Passing a Budget: It's a Long Way From Over
| WASHINGTON
The budget deal between President Clinton and congressional Republicans balancing the federal books by 2002 is about far more than numbers.
It's about how much federal tax Americans will pay. It's about whether to build bridges, about the future of Medicare, about federal aid to education. In short, it's about what national priorities should be, and that's why the political struggle over the nation's budget is so fierce - and, in one sense, still has a long way to go.
Last year the process ended in stalemate and government shutdowns. This year, it's all smiles and handshakes, at least for now.
Mr. Clinton, Speaker Newt Gingrich, and Senate majority leader Trent Lott all gain from the deal. The president wins plaudits from many by making tough decisions but protecting Democratic priorities. The Speaker gets credit for helping broker the deal and shows he can govern responsibly.
But the biggest winner appears to be Mr. Lott. Working closely with Mr. Gingrich, he quarterbacked the Republican team, often speaking directly with the president when negotiations were at an impasse.
Senate Budget Committee chairman Pete Domenici (R) of New Mexico, one of the GOP negotiators, probably spoke for many in his party when the budget deal was announced: "Without Trent Lott we could never have made this agreement," he said.
Still, the deal is the beginning, not the end, of a long process. Both houses of Congress must pass a budget resolution. But such resolutions are only guidelines. Congress must then enact the guidelines into law in appropriations and reconciliation bills.
Chokepoints from here
That could take the rest of the fiscal year, which ends Sept. 30. Opponents of the agreement will likely fight its implementation at every turn. "The history generally is that budget resolutions are easier to pass than appropriations bills," says Rep. Martin Sabo (D) of Minnesota, former chairman of the House Budget Committee.

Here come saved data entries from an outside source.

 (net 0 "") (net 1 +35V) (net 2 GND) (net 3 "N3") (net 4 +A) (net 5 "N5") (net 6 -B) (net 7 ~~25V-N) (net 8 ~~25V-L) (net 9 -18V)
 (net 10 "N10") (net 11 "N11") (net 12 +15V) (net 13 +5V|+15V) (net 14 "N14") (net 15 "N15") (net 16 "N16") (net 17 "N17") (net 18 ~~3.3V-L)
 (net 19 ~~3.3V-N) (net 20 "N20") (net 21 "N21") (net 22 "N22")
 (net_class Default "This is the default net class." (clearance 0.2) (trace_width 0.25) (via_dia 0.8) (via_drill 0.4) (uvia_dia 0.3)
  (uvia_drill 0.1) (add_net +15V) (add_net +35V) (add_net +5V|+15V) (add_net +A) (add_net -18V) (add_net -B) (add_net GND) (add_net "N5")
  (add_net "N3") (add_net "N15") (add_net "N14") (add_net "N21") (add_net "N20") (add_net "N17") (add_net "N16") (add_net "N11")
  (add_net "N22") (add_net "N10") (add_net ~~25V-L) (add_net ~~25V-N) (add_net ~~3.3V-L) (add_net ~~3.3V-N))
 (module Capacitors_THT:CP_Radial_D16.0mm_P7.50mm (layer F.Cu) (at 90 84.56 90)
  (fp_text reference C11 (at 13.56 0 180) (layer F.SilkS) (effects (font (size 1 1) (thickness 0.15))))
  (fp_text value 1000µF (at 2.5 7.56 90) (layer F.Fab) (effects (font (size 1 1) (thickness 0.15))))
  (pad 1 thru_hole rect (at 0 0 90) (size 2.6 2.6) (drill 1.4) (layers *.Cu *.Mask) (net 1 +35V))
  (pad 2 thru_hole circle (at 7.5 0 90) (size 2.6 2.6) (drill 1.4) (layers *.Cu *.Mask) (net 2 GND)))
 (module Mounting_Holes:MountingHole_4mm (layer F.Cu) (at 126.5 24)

Republicans and Democrats in both houses express support for the package. Senate minority leader Tom Daschle of South Dakota and House minority whip David Bonior of Michigan believe a majority of Democrats in each house will vote in favor.

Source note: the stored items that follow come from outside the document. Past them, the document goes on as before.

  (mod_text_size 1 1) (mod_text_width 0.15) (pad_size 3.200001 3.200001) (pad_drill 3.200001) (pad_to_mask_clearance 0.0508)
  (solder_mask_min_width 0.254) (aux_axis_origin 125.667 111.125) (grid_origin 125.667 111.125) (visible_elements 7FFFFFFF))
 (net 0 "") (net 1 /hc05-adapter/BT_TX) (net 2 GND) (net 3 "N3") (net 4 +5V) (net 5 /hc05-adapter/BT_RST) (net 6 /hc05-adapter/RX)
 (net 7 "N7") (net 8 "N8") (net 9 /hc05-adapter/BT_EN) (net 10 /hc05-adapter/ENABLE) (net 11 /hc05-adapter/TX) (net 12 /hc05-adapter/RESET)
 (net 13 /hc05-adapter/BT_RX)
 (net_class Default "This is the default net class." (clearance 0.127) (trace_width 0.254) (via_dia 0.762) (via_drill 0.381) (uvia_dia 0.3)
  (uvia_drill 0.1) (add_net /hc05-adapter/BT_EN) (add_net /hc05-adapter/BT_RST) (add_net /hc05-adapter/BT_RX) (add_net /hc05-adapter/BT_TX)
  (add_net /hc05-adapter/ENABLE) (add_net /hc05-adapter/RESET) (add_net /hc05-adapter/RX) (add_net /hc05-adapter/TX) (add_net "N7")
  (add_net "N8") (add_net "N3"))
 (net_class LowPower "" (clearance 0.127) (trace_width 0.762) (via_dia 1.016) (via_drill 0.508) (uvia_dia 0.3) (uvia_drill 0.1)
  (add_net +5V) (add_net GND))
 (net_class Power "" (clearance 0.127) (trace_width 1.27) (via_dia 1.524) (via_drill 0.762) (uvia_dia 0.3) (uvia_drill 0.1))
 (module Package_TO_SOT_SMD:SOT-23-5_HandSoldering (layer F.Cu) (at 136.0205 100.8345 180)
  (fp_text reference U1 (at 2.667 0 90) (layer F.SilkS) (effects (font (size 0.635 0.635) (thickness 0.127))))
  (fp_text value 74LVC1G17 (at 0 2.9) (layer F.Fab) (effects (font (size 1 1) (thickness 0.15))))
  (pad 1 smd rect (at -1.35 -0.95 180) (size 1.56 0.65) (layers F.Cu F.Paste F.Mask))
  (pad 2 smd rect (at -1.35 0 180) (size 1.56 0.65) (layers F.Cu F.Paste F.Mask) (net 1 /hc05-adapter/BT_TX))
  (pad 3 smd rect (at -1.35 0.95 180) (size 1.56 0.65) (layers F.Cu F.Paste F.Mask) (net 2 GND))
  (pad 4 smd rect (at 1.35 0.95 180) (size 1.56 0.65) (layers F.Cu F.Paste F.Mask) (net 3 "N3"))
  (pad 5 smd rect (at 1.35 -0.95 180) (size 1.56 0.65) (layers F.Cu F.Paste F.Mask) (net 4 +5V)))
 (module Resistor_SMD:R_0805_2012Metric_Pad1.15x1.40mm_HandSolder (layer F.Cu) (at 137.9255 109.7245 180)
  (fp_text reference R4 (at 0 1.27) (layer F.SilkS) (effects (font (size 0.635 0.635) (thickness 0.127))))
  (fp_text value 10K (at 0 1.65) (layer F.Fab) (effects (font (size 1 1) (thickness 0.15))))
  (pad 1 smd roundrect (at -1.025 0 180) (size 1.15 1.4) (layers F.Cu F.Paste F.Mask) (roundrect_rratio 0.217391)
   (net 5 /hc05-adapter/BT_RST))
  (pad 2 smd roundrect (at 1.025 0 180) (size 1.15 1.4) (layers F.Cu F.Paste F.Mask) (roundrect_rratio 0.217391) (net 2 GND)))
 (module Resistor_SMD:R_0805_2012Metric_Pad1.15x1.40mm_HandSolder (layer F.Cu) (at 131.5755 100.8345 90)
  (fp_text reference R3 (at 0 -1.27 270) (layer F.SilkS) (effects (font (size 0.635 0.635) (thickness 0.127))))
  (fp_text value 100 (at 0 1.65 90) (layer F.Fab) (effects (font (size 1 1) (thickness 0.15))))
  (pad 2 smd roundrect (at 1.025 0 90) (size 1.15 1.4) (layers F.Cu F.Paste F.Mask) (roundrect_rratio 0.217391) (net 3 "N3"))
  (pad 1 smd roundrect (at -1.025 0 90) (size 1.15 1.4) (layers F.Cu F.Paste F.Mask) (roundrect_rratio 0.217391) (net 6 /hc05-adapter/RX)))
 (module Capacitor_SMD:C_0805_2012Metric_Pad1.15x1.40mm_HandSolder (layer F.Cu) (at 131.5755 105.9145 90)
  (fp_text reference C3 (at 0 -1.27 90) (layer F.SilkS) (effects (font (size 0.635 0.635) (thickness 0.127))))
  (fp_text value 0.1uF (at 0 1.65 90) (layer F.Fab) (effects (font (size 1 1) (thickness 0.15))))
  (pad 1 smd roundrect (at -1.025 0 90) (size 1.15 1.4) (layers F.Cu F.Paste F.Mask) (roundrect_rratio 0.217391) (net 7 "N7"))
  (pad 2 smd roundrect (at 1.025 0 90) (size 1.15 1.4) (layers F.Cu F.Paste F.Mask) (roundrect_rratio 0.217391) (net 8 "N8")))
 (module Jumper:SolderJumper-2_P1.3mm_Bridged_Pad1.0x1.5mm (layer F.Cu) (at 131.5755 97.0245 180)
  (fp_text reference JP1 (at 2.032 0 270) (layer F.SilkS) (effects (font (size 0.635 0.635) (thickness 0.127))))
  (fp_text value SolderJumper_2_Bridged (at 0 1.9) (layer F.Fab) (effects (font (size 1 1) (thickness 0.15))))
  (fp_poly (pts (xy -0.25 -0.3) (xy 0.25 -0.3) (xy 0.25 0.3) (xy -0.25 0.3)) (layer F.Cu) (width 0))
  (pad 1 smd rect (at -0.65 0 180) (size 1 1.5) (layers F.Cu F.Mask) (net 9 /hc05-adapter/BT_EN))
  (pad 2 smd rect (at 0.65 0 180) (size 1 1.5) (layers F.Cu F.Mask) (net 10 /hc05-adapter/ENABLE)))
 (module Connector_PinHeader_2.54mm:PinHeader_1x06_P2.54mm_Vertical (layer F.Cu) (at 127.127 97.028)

But some liberal House Democrats are outraged: Rep. Charles Rangel of New York told CNN's "Evans & Novak" that the poor get "absolutely nothing out of the tax benefits."
Sen. Phil Gramm (R) of Texas, a fiscal conservative, was an early GOP dissenter. "This thing will be like a dead fish. You set it on the table for three or four days and it will begin to stink," he told the Associated Press. But Sen. John Chafee (R) of Rhode Island estimates that no more than 20 senators from both parties will vote no, while Rep. Susan Molinari of New York, a GOP leader, predicts House Republicans will approve.
Some of the acrimony stems from the way the deal was brokered. Usually a budget proposal goes through weeks of hearings, floor fights, and then conferences between the two chambers. The GOP strategy this time was to cut the deal with the president first, then move it through Congress.
The strategy infuriated congressional Democrats. Even those supportive of the final deal complain about the way it was negotiated between a small group of White House staff and legislators. "This is not the way to legislate," Senator Daschle said before the accord was announced.
Let's make a deal
But Senator Chafee, a moderate GOP veteran, defends the approach. "That's the only way you can put one of these together. You can't do it in a filled hall."
Negotiators were helped in the final hours by a Congressional Budget Office recalculation that found $225 billion in additional revenue over the next five years. Among the deal's provisions:
*A balanced budget in 2002.
*$135 billion in tax cuts over five years.
*Some $600 billion to $700 billion in entitlement savings over 10 years.